SOURCE RECORDS Block Start

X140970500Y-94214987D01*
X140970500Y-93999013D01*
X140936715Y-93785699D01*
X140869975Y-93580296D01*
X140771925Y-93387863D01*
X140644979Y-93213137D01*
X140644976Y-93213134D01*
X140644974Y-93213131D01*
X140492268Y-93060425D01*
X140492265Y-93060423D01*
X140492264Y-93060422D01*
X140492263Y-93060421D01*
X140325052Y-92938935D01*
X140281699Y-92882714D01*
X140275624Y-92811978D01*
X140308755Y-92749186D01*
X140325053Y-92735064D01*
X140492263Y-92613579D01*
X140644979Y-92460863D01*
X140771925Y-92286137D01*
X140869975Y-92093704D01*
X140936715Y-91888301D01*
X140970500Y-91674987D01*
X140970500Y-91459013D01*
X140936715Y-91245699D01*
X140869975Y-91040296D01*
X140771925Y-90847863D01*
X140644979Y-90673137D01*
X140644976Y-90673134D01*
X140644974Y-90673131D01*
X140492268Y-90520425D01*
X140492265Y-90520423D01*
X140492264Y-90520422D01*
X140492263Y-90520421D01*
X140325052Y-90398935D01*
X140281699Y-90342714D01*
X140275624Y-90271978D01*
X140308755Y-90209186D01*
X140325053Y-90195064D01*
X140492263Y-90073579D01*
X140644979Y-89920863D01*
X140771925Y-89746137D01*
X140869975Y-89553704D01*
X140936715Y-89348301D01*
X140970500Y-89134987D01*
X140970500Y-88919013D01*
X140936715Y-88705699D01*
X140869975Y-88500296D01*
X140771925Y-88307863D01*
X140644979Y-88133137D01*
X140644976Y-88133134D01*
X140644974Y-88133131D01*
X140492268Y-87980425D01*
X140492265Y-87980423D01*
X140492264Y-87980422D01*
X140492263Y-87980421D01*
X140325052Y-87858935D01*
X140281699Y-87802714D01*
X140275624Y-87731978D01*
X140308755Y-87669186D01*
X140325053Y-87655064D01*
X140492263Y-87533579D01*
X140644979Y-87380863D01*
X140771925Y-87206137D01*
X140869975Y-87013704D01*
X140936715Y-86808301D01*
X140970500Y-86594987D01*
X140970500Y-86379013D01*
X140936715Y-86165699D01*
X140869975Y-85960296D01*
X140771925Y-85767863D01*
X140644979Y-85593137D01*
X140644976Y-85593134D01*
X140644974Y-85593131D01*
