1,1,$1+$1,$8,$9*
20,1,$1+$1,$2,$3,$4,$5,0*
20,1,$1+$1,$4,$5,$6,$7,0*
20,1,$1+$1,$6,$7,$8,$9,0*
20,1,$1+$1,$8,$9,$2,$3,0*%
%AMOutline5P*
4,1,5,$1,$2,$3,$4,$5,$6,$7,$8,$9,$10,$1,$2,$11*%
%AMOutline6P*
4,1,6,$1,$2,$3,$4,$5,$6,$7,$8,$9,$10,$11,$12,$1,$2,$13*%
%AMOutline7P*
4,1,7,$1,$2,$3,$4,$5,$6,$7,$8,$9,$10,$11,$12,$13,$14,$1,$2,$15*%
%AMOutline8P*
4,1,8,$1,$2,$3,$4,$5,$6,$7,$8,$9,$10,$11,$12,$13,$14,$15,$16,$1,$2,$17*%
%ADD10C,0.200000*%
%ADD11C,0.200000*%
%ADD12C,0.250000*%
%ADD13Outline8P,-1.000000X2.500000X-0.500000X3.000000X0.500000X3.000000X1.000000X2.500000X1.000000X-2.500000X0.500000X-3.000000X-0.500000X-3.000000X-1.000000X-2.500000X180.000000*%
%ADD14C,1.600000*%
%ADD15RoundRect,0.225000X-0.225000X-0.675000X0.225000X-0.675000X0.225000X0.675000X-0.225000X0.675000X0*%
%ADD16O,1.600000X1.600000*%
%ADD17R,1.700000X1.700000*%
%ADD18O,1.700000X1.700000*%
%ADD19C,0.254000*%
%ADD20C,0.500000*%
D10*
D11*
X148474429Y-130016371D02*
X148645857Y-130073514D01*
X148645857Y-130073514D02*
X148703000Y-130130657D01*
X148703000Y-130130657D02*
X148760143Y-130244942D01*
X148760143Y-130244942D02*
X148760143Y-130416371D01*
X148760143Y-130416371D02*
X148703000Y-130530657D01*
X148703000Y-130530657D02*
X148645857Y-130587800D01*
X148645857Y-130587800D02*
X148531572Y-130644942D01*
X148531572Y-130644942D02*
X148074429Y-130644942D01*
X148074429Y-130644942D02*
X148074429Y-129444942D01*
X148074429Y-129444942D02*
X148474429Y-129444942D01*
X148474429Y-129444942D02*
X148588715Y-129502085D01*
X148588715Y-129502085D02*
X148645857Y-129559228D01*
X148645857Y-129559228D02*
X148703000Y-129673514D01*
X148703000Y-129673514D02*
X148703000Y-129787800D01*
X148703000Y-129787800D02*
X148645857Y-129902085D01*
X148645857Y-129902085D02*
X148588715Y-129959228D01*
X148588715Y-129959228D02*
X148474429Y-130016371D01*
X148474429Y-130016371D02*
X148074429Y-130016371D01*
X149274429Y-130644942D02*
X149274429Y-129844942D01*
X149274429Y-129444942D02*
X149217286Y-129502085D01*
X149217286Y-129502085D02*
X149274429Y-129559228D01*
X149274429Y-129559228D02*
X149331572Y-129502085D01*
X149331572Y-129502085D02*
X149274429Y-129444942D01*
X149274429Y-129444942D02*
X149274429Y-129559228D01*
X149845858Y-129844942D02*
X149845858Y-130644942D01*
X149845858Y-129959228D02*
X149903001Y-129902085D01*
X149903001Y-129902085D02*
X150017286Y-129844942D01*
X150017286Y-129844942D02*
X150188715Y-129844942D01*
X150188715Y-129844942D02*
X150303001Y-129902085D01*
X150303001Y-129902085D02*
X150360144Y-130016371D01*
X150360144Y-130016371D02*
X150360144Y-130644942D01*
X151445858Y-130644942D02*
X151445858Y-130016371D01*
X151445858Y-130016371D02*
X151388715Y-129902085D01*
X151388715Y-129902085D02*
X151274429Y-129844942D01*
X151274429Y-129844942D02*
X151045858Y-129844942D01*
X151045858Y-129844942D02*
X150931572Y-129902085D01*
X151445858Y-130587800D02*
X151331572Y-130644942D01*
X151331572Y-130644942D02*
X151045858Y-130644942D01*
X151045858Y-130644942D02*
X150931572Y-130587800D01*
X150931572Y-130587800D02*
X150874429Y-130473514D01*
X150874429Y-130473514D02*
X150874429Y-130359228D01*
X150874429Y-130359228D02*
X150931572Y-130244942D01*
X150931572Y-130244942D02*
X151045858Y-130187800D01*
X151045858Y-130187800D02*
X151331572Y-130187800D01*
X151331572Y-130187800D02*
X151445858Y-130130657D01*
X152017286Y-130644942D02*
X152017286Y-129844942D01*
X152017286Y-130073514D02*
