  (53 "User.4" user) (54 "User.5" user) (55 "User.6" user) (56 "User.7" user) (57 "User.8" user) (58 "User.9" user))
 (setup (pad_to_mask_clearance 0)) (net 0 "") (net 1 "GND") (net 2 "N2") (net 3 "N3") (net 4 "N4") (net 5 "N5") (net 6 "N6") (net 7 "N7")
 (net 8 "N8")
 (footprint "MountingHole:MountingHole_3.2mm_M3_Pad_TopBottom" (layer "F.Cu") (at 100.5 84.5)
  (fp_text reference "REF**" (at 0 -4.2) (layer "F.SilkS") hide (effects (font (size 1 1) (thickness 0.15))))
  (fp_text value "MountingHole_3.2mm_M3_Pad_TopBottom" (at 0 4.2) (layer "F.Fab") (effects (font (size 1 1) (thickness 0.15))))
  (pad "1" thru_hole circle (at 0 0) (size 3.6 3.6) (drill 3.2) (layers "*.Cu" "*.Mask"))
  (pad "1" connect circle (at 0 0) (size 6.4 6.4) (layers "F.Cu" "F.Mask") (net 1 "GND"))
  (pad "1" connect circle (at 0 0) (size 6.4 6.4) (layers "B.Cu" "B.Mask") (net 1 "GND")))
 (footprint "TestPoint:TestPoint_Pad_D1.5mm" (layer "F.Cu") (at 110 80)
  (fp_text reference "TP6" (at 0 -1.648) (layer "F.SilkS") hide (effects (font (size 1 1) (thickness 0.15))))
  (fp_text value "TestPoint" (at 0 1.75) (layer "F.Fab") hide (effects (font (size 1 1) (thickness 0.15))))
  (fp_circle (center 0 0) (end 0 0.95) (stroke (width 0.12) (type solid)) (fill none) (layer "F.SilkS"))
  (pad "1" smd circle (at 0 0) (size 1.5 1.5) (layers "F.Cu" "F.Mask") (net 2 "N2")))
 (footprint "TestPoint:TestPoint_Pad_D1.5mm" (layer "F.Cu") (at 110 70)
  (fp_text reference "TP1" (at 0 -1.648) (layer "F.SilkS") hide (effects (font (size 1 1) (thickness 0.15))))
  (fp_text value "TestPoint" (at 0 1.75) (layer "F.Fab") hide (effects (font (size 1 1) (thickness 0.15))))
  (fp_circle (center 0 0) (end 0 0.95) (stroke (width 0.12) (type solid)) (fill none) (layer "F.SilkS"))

SOURCE RECORDS Block End

*PROBLEM DESCRIPTION*: Using the records above, set down exactly the lines from the one with "X148074429Y-130016371D01*" through the one with "X152017286Y-130073514D02*", inclusive, and nothing more.

*OUTPUT OF THE EXERCISE*:
X148074429Y-130016371D01*
X149274429Y-130644942D02*
X149274429Y-129844942D01*
X149274429Y-129444942D02*
X149217286Y-129502085D01*
X149217286Y-129502085D02*
X149274429Y-129559228D01*
X149274429Y-129559228D02*
X149331572Y-129502085D01*
X149331572Y-129502085D02*
X149274429Y-129444942D01*
X149274429Y-129444942D02*
X149274429Y-129559228D01*
X149845858Y-129844942D02*
X149845858Y-130644942D01*
X149845858Y-129959228D02*
X149903001Y-129902085D01*
X149903001Y-129902085D02*
X150017286Y-129844942D01*
X150017286Y-129844942D02*
X150188715Y-129844942D01*
X150188715Y-129844942D02*
X150303001Y-129902085D01*
X150303001Y-129902085D02*
X150360144Y-130016371D01*
X150360144Y-130016371D02*
X150360144Y-130644942D01*
X151445858Y-130644942D02*
X151445858Y-130016371D01*
X151445858Y-130016371D02*
X151388715Y-129902085D01*
X151388715Y-129902085D02*
X151274429Y-129844942D01*
X151274429Y-129844942D02*
X151045858Y-129844942D01*
X151045858Y-129844942D02*
X150931572Y-129902085D01*
X151445858Y-130587800D02*
X151331572Y-130644942D01*
X151331572Y-130644942D02*
X151045858Y-130644942D01*
X151045858Y-130644942D02*
X150931572Y-130587800D01*
X150931572Y-130587800D02*
X150874429Y-130473514D01*
X150874429Y-130473514D02*
X150874429Y-130359228D01*
X150874429Y-130359228D02*
X150931572Y-130244942D01*
X150931572Y-130244942D02*
X151045858Y-130187800D01*
X151045858Y-130187800D02*
X151331572Y-130187800D01*
X151331572Y-130187800D02*
X151445858Y-130130657D01*
X152017286Y-130644942D02*
X152017286Y-129844942D01*
X152017286Y-130073514D02*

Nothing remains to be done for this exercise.